Response times are critical because a difference of just a few minutes could send thousands of additional gallons of oil into the environment, said Jonathan Phillips, Senior Policy Advisor for the House Natural Resources Committee.

That additional time could take on even more significance for pipelines carrying diluted bitumen, or dilbit, the type of oil involved in both the Arkansas and Michigan spills. Because bitumen is too thick to flow through pipelines, it is diluted with natural gas liquids and turned into dilbit. When dilbit spills into water, the natural gas liquids gradually evaporate, allowing the bitumen to sink.

The proposed Keystone XL pipeline from Canada to the Texas coast would also carry dilbit.

Phillips said PHMSA should ask Exxon to answer another important question: Why did Exxon revise its plan and include more time to react to a spill?

“You could conclude Exxon had some additional information that allowed them to determine internally they needed more time to respond,” Phillips said. “Something changed. The question is what.”
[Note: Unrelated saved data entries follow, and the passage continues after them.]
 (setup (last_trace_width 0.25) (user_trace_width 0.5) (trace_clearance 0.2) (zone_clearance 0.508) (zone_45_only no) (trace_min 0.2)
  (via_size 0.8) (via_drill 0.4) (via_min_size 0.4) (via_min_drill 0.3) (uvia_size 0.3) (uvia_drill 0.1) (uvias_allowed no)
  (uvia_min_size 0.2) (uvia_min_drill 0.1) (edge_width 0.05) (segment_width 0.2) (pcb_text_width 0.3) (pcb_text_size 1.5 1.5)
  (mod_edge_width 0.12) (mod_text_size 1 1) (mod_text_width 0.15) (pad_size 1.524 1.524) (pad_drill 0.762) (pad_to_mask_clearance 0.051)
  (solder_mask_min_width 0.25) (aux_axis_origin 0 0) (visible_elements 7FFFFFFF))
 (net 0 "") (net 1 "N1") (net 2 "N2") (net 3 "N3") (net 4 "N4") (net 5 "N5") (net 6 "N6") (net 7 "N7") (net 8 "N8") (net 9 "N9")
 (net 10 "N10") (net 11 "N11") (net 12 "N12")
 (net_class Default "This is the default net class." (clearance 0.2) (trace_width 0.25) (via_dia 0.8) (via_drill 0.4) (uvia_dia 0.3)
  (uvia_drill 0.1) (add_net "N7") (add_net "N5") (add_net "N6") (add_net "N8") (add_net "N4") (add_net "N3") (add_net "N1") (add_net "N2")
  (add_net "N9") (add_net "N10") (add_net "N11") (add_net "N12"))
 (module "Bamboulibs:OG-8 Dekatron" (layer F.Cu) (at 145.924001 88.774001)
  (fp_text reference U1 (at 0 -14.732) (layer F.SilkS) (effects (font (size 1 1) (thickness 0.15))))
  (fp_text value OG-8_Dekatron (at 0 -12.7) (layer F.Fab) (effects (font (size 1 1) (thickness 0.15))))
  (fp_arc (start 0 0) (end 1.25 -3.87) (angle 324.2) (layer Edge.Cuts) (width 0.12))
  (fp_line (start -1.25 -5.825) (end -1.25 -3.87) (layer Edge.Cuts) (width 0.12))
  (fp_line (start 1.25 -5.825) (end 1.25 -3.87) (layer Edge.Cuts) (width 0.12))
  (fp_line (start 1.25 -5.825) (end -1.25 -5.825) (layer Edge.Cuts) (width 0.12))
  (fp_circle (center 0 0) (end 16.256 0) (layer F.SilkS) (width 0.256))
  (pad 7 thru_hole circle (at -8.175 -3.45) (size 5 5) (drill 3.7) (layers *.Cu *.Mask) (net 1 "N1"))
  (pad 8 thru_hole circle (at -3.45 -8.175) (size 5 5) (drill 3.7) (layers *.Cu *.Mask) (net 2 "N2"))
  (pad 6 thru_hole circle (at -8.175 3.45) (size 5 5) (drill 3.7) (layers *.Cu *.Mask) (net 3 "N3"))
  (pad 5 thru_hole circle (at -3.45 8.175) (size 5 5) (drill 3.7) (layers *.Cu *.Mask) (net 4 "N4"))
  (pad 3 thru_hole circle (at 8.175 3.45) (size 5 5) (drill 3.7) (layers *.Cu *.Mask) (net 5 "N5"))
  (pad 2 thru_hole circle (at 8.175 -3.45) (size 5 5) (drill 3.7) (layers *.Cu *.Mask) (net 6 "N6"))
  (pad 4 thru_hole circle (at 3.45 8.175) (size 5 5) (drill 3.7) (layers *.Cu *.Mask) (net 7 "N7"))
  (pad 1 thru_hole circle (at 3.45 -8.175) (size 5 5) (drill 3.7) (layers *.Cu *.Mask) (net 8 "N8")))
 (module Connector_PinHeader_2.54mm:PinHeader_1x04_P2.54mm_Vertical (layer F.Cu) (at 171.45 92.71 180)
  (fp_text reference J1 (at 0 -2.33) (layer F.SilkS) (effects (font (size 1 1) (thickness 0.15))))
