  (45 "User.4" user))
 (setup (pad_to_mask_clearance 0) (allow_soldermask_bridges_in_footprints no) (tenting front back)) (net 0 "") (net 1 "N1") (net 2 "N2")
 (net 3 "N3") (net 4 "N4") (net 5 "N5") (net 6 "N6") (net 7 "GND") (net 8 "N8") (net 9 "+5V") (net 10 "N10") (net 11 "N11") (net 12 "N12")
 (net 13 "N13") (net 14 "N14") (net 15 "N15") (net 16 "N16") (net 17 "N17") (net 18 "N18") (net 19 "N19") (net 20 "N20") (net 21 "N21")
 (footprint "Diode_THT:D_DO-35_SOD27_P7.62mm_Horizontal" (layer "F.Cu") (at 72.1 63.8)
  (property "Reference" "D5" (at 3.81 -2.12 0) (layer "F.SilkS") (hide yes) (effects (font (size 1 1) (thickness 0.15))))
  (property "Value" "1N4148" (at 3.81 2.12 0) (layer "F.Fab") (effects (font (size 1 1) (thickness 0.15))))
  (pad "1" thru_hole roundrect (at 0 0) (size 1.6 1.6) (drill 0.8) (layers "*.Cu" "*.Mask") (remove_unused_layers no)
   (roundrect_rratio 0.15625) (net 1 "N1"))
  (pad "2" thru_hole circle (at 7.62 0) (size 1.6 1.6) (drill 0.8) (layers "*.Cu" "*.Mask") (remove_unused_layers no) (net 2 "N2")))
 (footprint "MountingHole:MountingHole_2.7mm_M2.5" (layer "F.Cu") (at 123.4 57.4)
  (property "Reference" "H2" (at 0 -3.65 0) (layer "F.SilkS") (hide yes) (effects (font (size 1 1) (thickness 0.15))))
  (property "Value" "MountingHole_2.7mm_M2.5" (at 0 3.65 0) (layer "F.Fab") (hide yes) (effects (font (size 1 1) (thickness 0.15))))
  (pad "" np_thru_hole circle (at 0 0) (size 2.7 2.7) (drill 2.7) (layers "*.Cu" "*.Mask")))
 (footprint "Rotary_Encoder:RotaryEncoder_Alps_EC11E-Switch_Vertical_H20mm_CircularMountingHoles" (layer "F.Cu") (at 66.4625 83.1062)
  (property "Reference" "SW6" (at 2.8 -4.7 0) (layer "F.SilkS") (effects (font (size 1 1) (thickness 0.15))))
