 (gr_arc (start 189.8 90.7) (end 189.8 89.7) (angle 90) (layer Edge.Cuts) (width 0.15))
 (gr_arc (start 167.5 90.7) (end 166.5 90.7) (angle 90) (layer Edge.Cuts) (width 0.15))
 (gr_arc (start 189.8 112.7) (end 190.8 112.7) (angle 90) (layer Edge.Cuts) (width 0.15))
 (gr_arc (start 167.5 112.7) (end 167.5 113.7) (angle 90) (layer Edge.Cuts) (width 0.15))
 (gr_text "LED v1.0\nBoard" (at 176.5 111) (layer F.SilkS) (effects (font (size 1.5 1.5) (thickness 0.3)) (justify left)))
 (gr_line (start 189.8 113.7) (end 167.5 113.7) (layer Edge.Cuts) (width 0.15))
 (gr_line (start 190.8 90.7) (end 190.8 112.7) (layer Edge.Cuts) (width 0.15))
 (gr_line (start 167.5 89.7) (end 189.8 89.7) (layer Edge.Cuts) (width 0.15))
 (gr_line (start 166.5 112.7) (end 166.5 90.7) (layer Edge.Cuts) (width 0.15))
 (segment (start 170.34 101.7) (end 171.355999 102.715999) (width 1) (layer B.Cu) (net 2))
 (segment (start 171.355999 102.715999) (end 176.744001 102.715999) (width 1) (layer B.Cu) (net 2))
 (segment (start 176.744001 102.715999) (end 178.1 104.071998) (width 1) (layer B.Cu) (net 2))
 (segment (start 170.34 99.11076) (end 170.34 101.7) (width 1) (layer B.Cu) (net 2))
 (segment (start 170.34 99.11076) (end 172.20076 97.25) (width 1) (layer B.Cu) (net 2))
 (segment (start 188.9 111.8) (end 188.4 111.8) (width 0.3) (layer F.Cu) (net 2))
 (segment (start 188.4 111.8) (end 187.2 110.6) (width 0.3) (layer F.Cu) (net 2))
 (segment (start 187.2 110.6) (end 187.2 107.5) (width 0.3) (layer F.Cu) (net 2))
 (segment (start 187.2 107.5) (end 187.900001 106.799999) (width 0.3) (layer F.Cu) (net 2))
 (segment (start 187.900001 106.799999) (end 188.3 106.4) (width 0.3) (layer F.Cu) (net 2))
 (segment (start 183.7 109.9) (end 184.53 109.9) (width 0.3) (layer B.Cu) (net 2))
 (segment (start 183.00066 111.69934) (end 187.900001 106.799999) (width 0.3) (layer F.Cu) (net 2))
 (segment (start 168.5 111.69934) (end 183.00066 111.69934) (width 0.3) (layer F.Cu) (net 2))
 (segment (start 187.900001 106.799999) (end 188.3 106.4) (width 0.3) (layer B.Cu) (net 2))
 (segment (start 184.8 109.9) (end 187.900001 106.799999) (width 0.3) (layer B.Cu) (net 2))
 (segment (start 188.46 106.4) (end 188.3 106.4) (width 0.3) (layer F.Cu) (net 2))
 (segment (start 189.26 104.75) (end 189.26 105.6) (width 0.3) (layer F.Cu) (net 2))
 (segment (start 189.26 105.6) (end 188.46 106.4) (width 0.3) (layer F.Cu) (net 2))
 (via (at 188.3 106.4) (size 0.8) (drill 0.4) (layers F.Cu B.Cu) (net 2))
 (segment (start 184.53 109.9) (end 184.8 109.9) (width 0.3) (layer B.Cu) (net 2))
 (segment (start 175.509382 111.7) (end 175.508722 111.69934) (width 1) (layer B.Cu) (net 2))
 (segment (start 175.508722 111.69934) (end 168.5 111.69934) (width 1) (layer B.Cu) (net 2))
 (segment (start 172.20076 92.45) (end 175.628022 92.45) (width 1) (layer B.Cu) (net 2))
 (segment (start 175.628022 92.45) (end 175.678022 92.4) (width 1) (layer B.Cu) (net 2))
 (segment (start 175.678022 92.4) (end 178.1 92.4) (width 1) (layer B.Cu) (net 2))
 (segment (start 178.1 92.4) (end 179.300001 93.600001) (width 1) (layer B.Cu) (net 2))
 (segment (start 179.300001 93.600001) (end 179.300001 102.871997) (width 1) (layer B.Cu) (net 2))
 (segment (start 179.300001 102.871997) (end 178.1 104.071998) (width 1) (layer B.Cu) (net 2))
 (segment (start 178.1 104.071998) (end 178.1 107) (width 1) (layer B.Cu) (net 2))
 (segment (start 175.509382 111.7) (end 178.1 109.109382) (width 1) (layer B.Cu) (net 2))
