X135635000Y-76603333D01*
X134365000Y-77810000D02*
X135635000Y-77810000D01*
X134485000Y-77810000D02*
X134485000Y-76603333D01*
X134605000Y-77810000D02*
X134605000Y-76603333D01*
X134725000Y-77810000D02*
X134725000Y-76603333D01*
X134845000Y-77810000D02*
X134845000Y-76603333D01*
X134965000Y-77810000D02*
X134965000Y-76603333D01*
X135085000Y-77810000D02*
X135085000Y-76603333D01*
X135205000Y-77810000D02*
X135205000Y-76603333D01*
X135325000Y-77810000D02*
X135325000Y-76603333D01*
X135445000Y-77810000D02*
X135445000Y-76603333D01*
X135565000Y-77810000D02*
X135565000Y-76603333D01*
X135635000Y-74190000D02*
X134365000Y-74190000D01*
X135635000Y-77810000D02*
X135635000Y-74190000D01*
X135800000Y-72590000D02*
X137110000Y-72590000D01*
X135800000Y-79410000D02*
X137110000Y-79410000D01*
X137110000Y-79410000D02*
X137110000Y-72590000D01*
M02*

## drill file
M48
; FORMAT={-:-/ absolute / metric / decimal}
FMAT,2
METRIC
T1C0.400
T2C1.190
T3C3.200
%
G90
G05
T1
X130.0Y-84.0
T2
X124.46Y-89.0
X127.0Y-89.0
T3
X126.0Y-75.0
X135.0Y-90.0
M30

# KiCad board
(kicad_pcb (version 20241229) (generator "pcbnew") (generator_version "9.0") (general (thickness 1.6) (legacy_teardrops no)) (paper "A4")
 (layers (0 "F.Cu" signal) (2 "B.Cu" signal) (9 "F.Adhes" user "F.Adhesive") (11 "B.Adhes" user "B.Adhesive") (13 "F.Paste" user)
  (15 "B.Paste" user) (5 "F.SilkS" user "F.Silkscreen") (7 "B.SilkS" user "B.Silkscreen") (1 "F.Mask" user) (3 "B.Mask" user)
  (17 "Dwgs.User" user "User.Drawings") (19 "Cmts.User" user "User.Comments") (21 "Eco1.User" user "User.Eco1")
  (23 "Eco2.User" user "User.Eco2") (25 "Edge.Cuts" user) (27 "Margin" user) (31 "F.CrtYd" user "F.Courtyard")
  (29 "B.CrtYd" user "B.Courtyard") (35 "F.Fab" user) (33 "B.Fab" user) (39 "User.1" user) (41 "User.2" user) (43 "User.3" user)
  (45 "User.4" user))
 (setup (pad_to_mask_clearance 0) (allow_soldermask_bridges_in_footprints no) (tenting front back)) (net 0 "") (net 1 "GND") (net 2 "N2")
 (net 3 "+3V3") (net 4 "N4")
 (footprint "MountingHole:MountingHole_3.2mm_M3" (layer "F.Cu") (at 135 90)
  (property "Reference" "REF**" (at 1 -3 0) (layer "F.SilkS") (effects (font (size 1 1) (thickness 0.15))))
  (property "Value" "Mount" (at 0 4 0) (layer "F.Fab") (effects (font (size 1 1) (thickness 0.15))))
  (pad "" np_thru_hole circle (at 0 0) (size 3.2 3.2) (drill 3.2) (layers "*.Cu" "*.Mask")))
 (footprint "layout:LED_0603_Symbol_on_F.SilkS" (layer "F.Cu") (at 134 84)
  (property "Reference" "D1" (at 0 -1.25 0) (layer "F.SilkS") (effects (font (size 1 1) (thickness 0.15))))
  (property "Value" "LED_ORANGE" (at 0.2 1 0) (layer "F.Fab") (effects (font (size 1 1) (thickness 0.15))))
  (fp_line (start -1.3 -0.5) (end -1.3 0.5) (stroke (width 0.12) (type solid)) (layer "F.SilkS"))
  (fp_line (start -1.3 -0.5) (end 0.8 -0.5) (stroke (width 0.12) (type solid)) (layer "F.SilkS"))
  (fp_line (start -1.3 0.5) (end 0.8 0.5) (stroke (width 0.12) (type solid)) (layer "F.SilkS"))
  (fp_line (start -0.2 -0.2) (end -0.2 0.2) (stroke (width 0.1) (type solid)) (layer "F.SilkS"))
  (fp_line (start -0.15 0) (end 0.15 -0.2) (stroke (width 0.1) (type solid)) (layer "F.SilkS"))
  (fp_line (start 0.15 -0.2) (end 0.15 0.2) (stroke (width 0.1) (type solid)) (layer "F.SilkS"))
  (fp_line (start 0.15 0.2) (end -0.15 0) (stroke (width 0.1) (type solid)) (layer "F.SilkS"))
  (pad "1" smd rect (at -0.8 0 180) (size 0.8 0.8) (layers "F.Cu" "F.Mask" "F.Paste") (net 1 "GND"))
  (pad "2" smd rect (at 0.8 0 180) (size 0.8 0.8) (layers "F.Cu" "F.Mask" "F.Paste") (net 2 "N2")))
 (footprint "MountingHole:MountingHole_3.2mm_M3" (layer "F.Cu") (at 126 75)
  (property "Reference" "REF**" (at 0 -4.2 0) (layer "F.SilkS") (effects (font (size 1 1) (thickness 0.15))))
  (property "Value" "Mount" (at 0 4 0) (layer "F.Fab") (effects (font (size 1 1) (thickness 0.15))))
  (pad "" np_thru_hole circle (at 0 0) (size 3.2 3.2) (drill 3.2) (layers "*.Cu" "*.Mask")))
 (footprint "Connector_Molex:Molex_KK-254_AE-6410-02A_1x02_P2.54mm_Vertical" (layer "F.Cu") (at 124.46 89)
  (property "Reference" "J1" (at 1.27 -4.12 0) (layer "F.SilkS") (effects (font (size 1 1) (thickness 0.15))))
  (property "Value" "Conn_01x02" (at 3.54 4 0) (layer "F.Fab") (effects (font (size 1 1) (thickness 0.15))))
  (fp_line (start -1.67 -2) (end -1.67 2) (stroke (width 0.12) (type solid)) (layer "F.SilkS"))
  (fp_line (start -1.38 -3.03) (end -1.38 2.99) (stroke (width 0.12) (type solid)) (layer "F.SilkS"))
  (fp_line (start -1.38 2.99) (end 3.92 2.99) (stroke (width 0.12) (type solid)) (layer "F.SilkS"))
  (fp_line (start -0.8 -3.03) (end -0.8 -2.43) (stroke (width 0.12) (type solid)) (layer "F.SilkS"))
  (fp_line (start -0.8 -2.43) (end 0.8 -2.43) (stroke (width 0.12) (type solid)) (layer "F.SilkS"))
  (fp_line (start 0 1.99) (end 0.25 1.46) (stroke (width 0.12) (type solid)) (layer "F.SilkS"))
When asked by InsideClimate News to explain the need for additional time, Exxon’s Eglinton declined to answer. He said the company will respond to the official inquires.

In the meantime, PHMSA has granted Exxon additional time to submit its final metallurgic analysis of the 22-foot section of pipeline that split open.

Exxon submitted a preliminary report to PHMSA in May, but requested more time for the final report.

“Upon review of the draft report, [Exxon] believes additional mechanical and metallurgical testing is warranted to better understand the pipe properties and potential failure mechanisms,” the company said in its June 6 request.

PHMSA granted the extension and set a deadline of July 10 for the final report.

Both PHMSA and Exxon have refused to release the preliminary report.